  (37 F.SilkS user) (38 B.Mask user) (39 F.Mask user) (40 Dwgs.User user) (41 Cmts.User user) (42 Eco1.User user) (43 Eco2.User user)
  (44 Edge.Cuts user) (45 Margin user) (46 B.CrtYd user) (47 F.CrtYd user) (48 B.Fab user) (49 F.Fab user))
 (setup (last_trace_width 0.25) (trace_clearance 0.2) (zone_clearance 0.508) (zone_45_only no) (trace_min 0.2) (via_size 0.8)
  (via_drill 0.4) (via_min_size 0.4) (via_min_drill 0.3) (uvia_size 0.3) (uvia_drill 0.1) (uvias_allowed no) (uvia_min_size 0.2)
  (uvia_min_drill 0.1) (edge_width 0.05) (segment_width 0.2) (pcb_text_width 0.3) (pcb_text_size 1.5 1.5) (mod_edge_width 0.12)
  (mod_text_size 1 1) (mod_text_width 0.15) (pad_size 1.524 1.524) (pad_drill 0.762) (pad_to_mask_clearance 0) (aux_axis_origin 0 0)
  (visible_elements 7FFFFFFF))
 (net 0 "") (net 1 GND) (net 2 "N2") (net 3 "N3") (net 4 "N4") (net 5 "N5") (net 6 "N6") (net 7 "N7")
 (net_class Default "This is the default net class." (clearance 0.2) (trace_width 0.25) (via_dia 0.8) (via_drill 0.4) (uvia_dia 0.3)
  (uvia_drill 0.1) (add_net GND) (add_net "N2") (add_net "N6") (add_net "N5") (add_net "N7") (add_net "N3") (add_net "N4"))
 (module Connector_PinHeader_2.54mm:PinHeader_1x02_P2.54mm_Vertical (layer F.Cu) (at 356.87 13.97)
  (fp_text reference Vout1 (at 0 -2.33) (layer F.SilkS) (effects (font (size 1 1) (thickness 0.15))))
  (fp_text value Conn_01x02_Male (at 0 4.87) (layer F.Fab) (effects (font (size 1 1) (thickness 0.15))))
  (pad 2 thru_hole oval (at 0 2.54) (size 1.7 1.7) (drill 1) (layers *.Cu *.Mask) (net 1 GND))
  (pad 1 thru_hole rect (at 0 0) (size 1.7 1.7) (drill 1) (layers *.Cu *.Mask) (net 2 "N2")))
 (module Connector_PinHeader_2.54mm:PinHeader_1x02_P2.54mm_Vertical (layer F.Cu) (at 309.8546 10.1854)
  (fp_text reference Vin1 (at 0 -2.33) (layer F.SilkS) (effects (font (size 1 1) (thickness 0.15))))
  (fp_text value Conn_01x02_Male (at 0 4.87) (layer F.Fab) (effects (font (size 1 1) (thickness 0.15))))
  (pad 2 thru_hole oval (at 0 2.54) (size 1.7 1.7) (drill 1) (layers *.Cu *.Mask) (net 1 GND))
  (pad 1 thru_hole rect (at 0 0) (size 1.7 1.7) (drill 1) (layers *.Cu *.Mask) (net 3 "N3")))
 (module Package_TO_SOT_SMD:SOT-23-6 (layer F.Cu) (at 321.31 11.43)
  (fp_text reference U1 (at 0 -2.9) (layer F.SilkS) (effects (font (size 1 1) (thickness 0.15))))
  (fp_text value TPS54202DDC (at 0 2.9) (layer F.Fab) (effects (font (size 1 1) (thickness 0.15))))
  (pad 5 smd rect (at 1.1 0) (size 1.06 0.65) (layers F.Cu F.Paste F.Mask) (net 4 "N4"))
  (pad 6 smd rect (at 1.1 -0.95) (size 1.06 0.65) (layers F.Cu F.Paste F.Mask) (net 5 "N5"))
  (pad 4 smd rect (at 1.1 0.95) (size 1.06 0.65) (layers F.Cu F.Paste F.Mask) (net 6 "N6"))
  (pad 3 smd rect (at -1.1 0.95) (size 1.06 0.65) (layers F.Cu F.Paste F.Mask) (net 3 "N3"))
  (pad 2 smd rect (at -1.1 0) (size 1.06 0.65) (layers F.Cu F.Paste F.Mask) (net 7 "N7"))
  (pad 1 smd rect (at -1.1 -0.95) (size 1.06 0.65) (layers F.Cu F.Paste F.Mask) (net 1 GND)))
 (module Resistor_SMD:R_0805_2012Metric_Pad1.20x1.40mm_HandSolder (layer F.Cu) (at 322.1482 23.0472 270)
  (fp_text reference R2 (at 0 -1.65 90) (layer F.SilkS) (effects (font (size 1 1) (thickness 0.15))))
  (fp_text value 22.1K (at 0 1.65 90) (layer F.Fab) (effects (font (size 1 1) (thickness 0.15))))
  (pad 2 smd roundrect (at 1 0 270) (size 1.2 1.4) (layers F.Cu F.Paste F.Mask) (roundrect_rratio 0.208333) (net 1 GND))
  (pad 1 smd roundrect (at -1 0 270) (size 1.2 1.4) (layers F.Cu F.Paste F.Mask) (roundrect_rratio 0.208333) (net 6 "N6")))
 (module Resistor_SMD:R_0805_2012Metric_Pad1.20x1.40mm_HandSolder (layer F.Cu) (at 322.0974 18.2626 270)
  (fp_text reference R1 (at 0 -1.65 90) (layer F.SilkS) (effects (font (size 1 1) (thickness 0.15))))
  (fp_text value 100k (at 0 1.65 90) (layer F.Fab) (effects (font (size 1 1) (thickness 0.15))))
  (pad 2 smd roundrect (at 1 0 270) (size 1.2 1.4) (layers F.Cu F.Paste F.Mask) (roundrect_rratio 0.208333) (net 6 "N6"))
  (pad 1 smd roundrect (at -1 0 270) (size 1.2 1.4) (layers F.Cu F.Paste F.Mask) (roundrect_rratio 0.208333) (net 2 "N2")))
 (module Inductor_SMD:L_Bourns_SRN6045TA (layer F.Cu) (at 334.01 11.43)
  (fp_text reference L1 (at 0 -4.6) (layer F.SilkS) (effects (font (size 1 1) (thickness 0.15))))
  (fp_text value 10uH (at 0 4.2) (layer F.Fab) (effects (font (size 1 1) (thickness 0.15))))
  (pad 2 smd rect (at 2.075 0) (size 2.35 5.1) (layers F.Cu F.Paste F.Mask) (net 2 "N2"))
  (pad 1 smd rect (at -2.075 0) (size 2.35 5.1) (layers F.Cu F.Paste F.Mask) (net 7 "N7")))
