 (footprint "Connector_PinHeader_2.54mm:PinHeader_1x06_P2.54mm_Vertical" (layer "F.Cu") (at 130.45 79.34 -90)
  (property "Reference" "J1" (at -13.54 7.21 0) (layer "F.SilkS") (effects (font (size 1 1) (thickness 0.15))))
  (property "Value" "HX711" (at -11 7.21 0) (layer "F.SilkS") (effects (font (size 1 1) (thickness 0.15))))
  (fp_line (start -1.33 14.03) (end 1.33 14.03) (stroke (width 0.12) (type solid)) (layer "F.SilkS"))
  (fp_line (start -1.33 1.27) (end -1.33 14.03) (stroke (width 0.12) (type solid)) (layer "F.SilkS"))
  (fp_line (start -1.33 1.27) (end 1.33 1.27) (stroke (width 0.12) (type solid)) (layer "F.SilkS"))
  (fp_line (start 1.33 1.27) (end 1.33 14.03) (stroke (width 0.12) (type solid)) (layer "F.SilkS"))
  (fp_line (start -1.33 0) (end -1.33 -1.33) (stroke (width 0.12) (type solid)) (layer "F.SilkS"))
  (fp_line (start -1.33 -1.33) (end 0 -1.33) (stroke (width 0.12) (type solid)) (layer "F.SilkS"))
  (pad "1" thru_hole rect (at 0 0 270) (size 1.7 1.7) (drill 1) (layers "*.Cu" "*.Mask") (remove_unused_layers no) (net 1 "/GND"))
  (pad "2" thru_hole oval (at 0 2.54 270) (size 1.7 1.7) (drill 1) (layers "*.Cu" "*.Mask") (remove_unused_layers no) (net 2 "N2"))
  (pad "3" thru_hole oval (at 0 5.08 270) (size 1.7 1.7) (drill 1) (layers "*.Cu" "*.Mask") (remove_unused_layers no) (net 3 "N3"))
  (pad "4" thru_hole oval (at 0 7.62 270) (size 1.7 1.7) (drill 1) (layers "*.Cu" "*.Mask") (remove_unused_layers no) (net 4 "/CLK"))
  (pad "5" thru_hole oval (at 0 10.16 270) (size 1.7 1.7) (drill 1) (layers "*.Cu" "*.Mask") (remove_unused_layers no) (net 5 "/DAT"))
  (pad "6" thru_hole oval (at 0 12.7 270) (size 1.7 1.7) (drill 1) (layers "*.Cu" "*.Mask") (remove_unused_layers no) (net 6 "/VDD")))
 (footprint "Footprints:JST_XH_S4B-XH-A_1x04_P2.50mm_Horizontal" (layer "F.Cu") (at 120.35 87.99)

---

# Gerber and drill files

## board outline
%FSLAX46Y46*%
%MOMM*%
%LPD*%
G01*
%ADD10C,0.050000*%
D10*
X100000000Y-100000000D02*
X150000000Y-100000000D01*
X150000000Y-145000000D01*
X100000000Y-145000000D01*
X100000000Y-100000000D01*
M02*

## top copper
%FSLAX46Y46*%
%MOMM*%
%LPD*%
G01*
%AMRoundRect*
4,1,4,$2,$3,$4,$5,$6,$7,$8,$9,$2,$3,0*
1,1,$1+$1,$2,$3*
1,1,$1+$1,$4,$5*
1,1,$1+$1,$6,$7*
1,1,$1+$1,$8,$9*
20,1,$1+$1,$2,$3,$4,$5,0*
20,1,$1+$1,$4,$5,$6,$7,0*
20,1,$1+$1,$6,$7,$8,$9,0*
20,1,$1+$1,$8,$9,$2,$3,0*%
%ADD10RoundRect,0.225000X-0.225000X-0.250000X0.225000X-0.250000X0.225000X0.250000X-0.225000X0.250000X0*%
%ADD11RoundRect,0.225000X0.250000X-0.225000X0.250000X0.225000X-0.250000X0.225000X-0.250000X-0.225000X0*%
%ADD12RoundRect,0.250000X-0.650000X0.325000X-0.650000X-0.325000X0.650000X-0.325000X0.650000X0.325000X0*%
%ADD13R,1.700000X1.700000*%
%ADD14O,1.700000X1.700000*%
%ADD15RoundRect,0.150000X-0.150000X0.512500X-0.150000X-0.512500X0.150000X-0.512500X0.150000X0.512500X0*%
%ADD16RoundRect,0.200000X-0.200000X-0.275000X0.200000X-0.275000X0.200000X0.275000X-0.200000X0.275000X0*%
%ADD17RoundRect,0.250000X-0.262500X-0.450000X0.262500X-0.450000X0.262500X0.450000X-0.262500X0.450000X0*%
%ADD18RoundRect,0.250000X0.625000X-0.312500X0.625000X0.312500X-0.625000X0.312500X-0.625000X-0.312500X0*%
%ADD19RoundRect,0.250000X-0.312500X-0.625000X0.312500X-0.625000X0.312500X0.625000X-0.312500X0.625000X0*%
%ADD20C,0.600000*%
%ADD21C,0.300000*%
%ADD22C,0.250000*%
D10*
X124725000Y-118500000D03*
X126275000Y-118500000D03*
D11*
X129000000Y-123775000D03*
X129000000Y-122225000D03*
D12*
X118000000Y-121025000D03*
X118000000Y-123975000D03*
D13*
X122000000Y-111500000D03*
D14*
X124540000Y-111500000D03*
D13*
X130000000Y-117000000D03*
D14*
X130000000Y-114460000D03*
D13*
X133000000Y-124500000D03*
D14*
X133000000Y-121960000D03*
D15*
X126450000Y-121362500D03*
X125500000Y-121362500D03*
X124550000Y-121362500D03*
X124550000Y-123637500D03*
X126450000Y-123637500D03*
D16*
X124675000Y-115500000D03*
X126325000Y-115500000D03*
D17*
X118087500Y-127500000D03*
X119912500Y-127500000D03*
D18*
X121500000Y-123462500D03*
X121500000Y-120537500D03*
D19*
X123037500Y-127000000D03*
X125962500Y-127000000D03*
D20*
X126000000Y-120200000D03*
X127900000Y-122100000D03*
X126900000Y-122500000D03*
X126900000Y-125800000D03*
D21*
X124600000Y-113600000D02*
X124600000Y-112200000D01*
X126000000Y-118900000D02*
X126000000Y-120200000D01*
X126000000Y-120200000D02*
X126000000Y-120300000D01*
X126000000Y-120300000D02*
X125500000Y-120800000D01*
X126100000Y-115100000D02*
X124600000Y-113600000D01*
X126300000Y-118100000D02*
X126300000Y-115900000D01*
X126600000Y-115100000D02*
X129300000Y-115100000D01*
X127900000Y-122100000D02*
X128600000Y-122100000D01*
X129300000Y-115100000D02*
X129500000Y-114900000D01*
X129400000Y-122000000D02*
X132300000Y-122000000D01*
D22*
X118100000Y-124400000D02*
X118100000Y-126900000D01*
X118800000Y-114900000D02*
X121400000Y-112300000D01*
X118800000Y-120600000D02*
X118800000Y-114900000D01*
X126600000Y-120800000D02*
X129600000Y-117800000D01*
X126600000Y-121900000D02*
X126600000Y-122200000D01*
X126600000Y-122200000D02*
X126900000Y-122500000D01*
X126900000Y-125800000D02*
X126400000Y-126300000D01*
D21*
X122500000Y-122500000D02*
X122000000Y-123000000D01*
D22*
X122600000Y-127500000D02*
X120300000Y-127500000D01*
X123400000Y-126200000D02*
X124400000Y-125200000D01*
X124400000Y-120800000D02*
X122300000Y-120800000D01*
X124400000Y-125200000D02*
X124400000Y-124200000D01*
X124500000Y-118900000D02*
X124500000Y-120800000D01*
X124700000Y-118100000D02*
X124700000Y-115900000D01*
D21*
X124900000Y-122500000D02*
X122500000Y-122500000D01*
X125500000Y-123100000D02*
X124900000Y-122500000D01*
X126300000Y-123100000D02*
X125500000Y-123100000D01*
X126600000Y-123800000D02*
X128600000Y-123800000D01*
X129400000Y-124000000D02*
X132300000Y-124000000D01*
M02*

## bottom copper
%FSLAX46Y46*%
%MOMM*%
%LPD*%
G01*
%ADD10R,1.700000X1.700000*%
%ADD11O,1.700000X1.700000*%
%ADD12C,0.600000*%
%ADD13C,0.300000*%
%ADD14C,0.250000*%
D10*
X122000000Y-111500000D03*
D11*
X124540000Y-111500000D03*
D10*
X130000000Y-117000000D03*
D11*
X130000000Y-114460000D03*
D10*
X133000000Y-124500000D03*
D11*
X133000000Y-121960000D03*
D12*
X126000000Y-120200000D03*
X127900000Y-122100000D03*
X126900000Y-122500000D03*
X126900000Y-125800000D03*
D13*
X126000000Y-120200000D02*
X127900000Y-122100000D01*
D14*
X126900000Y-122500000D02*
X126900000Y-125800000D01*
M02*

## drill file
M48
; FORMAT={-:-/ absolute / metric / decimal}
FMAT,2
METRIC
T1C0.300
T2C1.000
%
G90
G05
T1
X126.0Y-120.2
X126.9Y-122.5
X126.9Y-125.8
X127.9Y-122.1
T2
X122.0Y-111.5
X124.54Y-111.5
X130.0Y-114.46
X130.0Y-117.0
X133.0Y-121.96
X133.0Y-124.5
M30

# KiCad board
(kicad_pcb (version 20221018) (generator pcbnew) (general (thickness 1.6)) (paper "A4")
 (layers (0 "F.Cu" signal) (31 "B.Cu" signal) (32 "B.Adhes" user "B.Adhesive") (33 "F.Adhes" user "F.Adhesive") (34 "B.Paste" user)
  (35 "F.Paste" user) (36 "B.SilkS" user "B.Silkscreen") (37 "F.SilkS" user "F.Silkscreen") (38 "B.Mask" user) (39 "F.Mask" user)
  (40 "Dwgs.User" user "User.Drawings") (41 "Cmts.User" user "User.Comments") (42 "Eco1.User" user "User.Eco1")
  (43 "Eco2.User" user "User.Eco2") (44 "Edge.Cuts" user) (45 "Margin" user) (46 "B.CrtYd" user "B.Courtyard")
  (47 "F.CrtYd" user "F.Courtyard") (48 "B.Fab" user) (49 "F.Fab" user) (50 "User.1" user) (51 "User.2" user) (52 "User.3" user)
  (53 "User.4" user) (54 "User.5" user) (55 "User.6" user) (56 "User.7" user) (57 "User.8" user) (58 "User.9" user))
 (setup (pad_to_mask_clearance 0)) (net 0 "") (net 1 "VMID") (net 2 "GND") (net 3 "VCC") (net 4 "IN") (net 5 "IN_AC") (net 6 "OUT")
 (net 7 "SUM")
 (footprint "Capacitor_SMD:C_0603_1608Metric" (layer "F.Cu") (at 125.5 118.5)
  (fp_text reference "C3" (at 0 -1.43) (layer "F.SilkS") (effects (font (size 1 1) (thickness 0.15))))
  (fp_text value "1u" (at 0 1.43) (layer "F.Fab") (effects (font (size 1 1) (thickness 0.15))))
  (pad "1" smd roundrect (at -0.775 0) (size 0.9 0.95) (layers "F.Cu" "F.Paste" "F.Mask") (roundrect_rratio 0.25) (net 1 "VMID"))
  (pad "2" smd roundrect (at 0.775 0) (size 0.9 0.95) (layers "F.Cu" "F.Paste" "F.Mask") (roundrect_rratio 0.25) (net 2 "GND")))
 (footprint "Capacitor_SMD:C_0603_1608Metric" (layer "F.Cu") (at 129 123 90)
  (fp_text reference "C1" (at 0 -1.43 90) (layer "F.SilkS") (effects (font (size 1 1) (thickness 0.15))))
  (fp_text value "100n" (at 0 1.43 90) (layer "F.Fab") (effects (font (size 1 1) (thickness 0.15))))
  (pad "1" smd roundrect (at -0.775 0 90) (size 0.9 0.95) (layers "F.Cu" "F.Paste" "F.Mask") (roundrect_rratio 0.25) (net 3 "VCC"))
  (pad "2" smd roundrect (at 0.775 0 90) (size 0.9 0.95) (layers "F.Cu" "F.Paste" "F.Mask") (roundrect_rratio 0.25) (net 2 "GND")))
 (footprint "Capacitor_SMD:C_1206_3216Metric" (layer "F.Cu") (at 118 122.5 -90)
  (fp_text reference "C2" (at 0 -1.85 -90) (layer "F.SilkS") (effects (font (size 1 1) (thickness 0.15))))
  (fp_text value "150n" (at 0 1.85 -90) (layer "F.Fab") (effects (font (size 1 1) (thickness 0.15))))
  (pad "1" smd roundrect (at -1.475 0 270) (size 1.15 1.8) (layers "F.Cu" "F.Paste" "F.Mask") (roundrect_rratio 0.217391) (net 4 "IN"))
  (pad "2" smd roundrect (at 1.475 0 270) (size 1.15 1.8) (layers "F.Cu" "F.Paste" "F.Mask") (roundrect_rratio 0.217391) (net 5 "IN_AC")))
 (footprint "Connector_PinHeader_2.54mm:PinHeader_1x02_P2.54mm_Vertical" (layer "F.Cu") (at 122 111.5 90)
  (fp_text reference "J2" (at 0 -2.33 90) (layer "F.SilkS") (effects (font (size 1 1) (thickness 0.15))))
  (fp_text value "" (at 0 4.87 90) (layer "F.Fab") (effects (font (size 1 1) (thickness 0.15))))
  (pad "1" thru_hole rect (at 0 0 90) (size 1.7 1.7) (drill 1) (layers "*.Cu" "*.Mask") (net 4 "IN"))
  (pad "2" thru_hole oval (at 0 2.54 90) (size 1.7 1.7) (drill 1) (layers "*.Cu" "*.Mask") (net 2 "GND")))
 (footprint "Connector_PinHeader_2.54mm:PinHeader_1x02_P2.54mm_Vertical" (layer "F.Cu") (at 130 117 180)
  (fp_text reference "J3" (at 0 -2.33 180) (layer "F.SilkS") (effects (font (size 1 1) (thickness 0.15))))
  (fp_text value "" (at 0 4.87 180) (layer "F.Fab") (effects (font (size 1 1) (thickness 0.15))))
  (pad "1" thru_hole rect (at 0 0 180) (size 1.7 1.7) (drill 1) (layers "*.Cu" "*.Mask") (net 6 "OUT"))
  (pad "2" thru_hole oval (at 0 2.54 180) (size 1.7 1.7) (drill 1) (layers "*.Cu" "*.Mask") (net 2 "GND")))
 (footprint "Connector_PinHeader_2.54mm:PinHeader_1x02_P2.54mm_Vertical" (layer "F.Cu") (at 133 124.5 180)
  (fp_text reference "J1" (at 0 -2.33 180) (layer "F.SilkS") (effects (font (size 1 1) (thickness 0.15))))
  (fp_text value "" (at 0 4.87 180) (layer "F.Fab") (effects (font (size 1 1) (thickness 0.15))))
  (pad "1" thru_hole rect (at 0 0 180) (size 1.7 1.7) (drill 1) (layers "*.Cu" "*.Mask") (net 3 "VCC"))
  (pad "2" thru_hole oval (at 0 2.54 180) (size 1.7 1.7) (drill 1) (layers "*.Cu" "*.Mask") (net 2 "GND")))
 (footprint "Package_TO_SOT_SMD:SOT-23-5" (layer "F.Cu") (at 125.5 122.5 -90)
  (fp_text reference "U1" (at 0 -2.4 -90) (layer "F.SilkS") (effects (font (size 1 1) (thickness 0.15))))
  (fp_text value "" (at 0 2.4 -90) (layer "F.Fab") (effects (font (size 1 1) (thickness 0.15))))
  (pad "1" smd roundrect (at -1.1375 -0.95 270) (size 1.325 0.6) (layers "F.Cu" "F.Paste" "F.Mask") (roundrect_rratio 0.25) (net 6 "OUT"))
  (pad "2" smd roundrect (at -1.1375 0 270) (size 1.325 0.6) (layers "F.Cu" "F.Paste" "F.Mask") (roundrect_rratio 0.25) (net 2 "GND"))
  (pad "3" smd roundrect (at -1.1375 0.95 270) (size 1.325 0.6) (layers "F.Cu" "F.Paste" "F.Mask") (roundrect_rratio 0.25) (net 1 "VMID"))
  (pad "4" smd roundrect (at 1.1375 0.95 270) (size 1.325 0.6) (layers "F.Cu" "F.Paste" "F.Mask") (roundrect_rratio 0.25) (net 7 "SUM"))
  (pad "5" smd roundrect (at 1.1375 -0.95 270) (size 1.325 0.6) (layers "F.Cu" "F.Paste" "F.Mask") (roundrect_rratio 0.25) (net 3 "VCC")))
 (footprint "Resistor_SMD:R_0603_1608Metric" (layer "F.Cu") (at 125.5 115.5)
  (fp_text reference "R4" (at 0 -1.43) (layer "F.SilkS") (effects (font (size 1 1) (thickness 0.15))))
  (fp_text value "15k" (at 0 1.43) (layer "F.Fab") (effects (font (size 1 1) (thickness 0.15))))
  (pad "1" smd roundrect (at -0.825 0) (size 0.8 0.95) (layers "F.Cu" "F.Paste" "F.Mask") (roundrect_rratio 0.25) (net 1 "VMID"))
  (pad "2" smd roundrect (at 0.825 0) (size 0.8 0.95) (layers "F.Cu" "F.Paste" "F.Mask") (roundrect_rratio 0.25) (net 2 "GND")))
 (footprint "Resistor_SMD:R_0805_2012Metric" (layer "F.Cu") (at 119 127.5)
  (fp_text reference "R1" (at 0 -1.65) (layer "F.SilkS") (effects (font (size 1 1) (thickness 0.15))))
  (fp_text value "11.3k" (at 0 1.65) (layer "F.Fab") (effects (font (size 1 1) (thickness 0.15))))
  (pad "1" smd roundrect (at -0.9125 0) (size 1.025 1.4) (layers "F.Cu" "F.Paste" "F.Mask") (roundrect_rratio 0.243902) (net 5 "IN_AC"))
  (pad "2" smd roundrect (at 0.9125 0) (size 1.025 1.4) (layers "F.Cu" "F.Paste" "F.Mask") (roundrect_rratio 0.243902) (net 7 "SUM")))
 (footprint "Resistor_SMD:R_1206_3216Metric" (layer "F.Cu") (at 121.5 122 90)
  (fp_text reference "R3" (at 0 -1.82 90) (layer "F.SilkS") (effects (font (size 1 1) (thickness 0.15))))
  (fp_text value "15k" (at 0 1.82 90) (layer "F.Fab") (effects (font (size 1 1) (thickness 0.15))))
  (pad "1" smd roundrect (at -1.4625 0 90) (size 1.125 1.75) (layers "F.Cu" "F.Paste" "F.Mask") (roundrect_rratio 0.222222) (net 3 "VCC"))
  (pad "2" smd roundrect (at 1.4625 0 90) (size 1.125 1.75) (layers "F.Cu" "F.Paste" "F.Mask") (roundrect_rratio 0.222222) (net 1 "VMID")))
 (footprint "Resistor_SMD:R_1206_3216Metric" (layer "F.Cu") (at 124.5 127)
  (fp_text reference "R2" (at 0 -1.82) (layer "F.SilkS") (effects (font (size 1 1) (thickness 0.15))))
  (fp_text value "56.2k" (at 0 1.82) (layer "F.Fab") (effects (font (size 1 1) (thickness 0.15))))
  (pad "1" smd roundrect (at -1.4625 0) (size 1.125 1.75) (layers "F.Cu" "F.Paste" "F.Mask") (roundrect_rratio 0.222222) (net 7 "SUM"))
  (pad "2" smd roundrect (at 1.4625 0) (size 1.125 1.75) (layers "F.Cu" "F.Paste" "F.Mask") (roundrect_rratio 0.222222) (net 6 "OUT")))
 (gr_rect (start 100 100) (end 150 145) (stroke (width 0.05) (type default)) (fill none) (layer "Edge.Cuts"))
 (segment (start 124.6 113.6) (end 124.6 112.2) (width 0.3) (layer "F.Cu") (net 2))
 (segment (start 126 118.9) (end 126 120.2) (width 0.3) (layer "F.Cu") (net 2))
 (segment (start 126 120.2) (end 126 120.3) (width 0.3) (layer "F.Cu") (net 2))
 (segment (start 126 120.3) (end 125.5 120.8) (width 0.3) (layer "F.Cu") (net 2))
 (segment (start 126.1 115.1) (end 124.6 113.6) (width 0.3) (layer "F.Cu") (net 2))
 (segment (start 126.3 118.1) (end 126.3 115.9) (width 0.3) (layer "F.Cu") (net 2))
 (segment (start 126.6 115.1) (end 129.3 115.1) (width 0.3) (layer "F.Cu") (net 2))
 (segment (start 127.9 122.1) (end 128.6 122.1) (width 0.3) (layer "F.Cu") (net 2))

TASK BRIEF:
Check each line of the data above for the string "solid" and report only how many lines have it.

SOLUTION TO THIS TASK:
6